Lots of raw wood is a problem for importing, it will cost me more to get it into the country, which I can't afford to do on a spendy cart, but could for something in a lower price range.

I have a sulky type jogger at the moment which I will keep for breaking/training.

Bring on the recommendations


----------



## New mini (Feb 24, 2012)

My mini is 35.5 inches and about 295 lbs. I am 5 foot 8 inches and 167 lbs. I want a cart that is comfortable to sit in and ride over ridges in a dirt ring .My main complaint with my present cart is after driving I find that my butt has become painful.



I presently ride in an indoor arena that is used as a jumper ring for the barns horses so it anything but smooth. It is fun as I use the jumps to go around so I am not driving in circles. Once the weather gets warmer I will be driving outside on grass and a dirt road. Right now I am leaning towards the Pacific Smart Cart or the Bellceowns I do want to be able to take one of my Grandsons with me. He is 6 years old and a small child. I do not plan on any high level shows maybe just my local fair.

I have asked Lance's previous owner if he could pull the Smart Cart and she said he could so that weight is not a problem.

Ok now what is everyones suggestion for me..


----------



## Minimor (Feb 24, 2012)

I still say Smart Cart for you.


----------



## Becky Horat (Feb 24, 2012)

For arena driving do you find it's easier on the horse with wire wheel/pneumatic wheels? Just wondering. Our carts are wooden and steel wheel. (Mini Crown & Wooden wheel easy entry). We mainly are out on trails. The few arenas we've been in are not deep ground. Planning on showing in our Fair and also a schooling show that has sand arena.


----------



## susanne (Feb 24, 2012)

As a reference for anyone in the market, I wonder if REO and Mary Lou would let us pin a topic comparing different carts, using a standard list of features/specs? Or perhaps someone who loves collecting data could do this (and to which we could link)?


----------



## Jules (Feb 26, 2012)

susanne said:


> As a reference for anyone in the market, I wonder if REO and Mary Lou would let us pin a topic comparing different carts, using a standard list of features/specs? Or perhaps someone who loves collecting data could do this (and to which we could link)?

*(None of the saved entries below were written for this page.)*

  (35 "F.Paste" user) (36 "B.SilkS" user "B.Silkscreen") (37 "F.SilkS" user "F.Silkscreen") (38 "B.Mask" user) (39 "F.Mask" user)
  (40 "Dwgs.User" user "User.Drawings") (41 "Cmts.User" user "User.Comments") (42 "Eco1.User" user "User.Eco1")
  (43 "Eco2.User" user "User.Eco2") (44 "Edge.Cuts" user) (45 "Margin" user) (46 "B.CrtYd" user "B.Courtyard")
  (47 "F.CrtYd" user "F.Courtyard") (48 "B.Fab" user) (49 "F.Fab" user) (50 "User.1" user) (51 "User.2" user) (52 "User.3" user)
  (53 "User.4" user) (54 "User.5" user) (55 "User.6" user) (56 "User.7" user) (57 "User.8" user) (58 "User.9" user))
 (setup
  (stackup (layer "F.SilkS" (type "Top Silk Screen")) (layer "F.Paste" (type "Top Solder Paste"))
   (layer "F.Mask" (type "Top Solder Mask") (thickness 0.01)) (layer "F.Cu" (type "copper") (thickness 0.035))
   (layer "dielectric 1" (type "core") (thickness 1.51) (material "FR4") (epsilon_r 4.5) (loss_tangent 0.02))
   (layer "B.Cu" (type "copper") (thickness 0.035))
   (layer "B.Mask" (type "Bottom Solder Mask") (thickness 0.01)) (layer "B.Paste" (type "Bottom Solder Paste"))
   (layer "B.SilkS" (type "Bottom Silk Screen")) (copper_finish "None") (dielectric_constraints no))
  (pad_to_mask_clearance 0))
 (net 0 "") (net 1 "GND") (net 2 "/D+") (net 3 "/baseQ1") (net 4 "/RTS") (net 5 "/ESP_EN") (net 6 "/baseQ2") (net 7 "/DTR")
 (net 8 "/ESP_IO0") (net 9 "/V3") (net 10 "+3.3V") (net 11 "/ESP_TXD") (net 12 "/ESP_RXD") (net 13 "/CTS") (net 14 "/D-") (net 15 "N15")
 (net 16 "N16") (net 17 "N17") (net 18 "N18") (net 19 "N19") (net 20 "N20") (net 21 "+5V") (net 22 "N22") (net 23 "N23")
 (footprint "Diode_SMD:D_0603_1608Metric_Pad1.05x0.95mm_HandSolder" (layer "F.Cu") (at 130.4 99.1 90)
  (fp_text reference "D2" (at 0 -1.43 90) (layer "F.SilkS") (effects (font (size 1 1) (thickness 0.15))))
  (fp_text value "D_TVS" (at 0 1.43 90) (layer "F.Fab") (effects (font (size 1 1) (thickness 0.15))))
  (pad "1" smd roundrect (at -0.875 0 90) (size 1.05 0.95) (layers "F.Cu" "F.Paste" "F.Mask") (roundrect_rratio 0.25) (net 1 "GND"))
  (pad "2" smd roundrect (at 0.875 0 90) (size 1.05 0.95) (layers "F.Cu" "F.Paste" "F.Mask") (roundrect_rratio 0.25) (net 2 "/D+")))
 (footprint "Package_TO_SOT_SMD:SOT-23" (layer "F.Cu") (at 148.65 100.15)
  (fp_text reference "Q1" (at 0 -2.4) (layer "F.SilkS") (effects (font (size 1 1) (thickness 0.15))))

I think that is a fantastic idea. I trawled all the thread (and there are loads and loads!) looking for opinions/reviews/experiences with carts as part of my research and pinning a more definitive guide could be useful. Of course it is all personal preferences for the most part, but if there was a guide saying this has this wheel size, this suspension etc, that would be so handy.


----------



## New mini (Mar 5, 2012)

Just wanted to let everyone know I ordered a Smart Cart today. Can not wait until I get it and can have a comfortable drive. Thanks to all for all the information and to minimor for taking the time to help me with all the information she gave me.


----------



## hobbyhorse23 (Mar 7, 2012)

Becky Horat said:


> For arena driving do you find it's easier on the horse with wire wheel/pneumatic wheels? Just wondering. Our carts are wooden and steel wheel. (Mini Crown & Wooden wheel easy entry). We mainly are out on trails. The few arenas we've been in are not deep ground. Planning on showing in our Fair and also a schooling show that has sand arena.

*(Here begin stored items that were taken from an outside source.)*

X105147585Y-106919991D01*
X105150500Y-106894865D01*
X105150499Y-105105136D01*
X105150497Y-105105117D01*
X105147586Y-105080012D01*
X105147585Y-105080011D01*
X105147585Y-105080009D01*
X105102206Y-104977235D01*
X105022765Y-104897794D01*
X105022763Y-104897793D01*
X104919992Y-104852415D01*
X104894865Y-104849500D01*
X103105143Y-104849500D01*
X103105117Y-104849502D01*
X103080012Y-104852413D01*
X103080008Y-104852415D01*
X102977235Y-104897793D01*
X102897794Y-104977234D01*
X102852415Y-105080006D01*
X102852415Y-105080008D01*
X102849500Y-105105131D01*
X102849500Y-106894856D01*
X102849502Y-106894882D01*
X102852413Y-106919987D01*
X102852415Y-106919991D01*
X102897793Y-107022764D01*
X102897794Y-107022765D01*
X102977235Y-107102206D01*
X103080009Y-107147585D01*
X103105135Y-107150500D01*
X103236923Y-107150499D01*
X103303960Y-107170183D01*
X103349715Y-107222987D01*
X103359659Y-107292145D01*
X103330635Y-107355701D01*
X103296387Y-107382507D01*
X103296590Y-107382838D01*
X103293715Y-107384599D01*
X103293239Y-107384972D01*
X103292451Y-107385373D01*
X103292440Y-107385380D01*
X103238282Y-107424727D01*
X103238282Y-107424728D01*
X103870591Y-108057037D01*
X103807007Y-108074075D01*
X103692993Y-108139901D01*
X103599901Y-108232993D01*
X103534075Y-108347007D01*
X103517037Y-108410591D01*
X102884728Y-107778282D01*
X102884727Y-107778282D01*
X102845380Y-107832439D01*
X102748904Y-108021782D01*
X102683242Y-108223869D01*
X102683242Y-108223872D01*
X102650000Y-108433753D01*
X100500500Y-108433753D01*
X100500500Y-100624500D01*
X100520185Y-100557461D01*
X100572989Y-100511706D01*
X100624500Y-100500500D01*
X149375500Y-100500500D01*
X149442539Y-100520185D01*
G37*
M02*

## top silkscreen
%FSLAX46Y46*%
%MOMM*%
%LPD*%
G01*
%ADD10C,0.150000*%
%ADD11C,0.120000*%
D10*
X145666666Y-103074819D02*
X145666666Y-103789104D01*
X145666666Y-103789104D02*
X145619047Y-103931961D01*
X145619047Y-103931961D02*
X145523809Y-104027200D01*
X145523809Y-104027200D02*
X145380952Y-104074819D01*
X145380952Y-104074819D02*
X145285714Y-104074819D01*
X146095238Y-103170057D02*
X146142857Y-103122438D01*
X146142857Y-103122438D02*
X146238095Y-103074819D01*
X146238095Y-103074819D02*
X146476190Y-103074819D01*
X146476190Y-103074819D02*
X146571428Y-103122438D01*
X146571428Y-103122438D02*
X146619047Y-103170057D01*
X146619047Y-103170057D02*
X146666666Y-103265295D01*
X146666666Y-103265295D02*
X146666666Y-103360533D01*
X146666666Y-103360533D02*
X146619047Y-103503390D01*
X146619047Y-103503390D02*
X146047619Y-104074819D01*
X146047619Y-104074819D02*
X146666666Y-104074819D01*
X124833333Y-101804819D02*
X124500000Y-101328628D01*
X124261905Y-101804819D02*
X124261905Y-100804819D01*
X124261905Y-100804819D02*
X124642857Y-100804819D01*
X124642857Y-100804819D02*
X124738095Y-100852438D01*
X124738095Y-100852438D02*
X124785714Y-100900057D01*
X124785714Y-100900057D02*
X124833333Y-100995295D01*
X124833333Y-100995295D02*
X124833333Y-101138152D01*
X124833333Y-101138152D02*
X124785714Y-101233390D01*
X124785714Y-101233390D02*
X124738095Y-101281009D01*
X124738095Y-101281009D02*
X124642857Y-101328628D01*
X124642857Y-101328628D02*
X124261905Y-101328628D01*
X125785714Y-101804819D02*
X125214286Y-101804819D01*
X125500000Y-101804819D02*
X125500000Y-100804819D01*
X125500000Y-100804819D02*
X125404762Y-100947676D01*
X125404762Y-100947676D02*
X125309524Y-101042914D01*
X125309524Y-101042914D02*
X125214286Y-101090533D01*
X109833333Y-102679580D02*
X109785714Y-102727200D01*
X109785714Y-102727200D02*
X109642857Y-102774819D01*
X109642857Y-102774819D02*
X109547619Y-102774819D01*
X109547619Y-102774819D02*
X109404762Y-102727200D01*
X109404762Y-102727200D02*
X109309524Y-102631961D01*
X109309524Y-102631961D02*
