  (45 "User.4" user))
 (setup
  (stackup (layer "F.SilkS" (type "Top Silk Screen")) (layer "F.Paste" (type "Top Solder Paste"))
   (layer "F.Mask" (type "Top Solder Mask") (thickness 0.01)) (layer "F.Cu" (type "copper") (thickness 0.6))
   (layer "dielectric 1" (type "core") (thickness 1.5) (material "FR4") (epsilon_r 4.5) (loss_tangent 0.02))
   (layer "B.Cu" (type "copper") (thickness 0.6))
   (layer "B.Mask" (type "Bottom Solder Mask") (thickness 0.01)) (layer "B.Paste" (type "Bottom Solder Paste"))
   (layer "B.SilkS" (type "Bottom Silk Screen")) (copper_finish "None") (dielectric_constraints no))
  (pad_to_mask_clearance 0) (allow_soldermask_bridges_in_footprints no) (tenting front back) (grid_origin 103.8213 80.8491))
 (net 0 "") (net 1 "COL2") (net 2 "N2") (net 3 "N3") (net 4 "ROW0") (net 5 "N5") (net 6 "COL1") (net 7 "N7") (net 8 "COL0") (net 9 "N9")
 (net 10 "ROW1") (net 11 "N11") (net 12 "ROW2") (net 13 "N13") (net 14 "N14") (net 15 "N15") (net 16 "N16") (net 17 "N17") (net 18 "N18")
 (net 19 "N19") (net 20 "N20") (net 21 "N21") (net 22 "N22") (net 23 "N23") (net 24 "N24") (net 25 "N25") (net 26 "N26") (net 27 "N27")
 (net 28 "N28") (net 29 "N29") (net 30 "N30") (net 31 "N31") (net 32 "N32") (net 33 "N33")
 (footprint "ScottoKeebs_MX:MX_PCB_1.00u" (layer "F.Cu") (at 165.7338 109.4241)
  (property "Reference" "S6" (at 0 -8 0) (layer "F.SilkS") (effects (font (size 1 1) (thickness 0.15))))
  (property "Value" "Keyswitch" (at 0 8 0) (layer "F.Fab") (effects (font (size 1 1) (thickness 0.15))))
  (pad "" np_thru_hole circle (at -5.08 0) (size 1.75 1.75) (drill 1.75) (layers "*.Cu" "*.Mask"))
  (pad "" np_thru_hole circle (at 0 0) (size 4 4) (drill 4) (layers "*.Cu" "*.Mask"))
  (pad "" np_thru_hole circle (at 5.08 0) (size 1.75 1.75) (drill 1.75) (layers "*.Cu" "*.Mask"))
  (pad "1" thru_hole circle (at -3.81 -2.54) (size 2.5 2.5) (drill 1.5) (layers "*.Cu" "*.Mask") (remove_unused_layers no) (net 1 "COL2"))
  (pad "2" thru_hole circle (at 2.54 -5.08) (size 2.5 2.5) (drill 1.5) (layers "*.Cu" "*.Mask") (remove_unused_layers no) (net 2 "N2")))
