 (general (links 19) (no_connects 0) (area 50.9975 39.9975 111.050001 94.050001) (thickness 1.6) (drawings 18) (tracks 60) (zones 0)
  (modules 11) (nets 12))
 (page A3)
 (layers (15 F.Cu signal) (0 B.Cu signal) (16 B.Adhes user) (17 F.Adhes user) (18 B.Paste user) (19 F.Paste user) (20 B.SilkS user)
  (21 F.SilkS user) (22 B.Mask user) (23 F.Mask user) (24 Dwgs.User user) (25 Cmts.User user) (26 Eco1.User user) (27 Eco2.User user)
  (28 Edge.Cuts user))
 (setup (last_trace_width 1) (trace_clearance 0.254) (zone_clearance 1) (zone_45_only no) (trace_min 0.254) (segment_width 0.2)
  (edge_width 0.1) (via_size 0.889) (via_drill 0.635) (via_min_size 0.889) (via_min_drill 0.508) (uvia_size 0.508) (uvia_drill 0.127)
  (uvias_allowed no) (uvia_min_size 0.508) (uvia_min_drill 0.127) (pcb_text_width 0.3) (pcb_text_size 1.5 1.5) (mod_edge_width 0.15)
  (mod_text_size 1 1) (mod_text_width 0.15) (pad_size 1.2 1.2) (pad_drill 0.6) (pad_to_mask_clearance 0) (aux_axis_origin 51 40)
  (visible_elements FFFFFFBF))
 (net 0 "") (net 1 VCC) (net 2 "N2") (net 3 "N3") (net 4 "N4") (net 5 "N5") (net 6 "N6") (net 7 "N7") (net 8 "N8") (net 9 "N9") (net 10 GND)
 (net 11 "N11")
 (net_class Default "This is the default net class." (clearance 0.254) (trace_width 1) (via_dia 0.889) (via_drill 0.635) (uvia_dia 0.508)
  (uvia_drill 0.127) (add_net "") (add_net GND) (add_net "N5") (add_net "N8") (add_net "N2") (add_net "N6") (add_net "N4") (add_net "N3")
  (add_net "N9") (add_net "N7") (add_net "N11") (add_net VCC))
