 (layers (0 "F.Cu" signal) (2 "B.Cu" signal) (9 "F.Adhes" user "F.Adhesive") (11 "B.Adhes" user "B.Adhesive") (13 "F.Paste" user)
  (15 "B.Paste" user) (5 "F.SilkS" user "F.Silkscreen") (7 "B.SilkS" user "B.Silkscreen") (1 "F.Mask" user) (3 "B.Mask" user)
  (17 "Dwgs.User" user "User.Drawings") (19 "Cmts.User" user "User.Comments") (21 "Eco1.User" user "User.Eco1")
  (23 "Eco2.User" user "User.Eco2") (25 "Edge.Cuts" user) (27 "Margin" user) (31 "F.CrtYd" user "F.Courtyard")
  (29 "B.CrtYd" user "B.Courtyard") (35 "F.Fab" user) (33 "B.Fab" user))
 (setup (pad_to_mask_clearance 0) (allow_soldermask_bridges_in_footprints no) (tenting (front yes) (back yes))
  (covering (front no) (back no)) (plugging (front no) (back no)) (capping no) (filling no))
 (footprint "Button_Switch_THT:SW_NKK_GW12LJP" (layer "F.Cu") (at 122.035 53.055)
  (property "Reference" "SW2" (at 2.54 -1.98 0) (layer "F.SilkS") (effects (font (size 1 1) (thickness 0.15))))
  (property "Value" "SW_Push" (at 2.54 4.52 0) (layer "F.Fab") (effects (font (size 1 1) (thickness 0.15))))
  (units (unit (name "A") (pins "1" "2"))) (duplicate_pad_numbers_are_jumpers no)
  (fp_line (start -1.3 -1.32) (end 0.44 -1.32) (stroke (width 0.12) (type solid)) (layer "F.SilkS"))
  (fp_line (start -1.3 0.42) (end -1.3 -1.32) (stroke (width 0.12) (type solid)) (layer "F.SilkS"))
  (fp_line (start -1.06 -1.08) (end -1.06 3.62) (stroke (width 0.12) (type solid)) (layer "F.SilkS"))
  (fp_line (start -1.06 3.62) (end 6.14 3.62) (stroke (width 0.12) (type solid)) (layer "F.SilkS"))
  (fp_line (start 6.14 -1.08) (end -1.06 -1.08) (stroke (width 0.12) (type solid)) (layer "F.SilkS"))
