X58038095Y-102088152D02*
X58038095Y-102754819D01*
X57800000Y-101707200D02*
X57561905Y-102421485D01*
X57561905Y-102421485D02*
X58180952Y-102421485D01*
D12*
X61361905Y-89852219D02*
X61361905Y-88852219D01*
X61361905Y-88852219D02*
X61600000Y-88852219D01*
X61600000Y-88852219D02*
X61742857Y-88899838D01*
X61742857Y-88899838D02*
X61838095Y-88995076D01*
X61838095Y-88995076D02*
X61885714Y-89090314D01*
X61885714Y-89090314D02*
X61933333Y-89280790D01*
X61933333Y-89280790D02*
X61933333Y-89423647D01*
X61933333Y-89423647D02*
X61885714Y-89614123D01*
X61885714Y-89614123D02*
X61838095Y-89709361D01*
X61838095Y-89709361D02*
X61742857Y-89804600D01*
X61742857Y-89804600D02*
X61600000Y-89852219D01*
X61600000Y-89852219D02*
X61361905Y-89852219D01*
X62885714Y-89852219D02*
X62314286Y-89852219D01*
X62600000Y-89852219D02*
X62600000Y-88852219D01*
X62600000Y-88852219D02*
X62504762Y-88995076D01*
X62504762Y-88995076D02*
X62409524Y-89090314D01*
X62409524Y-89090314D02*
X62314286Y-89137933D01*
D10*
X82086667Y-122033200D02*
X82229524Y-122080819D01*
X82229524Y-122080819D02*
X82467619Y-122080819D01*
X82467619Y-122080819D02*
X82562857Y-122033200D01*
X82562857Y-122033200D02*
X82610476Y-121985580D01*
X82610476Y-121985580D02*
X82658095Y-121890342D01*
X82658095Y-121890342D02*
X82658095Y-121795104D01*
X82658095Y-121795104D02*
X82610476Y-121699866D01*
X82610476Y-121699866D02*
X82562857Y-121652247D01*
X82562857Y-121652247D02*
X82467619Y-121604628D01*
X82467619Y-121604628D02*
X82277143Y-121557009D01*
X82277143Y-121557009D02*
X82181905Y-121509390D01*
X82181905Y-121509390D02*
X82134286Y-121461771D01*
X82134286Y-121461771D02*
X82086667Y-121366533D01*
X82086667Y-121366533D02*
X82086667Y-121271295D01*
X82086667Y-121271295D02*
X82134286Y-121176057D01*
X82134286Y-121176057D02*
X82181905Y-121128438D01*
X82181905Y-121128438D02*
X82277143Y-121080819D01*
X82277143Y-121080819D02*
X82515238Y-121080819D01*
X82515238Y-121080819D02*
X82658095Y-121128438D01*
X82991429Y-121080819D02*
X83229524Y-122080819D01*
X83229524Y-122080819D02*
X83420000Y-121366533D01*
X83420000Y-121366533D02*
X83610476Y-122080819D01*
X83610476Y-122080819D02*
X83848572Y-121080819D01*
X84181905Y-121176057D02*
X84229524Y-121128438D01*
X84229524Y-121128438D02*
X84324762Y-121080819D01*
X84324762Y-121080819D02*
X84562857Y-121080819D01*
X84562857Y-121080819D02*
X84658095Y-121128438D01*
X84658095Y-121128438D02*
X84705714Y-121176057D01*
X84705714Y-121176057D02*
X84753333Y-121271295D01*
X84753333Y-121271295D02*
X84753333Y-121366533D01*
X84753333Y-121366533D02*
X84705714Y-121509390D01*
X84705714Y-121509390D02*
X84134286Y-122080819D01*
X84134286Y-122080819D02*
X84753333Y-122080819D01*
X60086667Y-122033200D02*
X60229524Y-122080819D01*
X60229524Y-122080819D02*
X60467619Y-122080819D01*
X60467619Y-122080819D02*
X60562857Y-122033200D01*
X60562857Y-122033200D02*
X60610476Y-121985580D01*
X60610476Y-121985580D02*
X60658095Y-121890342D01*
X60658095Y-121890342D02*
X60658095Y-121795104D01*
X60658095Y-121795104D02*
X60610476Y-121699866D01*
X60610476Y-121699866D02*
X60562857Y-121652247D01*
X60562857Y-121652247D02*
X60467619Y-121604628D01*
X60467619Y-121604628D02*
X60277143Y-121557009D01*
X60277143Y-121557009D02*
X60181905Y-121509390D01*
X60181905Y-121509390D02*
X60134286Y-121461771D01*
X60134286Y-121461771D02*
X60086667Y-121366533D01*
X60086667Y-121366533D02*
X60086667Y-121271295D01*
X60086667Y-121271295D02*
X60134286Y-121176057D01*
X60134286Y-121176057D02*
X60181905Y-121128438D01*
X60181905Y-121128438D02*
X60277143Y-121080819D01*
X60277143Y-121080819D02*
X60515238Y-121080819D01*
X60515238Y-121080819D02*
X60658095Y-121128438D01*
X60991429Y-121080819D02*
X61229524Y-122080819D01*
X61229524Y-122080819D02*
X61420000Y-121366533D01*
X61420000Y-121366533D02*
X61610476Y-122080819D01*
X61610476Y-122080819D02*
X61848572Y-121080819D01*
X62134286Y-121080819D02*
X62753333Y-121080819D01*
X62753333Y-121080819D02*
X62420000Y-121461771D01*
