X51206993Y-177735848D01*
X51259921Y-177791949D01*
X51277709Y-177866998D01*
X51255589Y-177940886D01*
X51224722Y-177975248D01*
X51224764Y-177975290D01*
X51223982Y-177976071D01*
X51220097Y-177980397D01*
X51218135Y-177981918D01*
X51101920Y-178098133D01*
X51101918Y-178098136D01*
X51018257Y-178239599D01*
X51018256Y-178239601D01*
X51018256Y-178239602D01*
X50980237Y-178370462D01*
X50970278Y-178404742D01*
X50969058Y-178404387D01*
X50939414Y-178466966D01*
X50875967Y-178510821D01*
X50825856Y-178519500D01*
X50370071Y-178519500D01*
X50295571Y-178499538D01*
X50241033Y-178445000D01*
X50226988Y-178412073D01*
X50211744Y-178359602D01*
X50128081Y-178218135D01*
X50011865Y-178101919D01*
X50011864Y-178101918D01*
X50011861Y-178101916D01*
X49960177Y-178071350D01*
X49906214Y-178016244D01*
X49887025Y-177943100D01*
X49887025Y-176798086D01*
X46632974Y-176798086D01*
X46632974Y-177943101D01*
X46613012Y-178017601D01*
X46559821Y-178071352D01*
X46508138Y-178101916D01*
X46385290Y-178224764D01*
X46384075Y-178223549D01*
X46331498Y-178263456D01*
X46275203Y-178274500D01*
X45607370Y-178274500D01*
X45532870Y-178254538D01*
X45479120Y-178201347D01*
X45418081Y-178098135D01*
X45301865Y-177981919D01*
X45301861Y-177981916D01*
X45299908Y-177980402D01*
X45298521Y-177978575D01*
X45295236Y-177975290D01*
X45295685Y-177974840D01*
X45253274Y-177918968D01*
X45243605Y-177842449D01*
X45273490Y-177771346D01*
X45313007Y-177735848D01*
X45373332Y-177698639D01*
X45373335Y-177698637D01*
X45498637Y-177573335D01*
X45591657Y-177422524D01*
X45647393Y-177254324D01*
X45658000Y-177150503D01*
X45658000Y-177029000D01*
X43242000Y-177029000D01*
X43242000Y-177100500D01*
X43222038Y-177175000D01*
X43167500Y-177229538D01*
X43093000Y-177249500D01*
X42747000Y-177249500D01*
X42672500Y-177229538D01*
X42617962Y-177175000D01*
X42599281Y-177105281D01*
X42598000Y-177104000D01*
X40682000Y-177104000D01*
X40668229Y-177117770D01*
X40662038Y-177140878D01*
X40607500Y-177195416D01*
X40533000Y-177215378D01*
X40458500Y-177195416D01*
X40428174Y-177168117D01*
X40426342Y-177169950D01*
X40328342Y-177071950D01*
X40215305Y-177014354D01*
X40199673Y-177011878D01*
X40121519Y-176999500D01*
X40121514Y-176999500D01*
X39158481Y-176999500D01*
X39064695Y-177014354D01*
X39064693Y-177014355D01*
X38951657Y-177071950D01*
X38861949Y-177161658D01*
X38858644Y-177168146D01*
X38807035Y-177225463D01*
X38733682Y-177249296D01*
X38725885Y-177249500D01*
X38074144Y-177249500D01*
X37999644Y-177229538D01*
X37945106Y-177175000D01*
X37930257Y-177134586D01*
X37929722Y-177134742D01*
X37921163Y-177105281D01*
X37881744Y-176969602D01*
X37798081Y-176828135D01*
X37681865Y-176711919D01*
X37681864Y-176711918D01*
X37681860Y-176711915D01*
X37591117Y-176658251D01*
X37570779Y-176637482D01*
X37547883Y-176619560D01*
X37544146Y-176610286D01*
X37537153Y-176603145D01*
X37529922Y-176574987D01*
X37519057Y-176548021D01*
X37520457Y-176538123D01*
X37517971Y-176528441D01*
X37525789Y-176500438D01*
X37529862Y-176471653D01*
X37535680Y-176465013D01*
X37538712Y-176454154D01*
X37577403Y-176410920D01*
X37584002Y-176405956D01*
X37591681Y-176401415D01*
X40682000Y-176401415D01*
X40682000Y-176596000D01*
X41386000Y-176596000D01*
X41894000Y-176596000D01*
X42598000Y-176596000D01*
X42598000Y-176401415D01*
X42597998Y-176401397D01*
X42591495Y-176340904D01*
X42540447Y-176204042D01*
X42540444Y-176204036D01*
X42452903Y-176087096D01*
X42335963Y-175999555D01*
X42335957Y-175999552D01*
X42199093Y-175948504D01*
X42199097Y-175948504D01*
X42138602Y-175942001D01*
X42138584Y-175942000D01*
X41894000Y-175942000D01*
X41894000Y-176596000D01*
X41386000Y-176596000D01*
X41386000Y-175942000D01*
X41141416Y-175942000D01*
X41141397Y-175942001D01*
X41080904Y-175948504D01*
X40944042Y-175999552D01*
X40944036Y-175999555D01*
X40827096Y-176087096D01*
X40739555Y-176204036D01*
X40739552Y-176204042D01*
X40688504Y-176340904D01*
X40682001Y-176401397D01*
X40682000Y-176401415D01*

Yes, especially in sand pneumatic tires are MUCH easier on the horse.


----------



## Jules (Mar 9, 2012)

New mini said:


> Just wanted to let everyone know I ordered a Smart Cart today.


How exciting! I love the look of them and the suspension specs look impressive. If I didn't have budget restrictions and a temporarily chunky butt then the Smart Cart would be right up there as one of my top choices.


----------



## Jules (Mar 30, 2012)

New mini said:


> Just wanted to let everyone know I ordered a Smart Cart today. Can not wait until I get it and can have a comfortable drive. Thanks to all for all the information and to minimor for taking the time to help me with all the information she gave me.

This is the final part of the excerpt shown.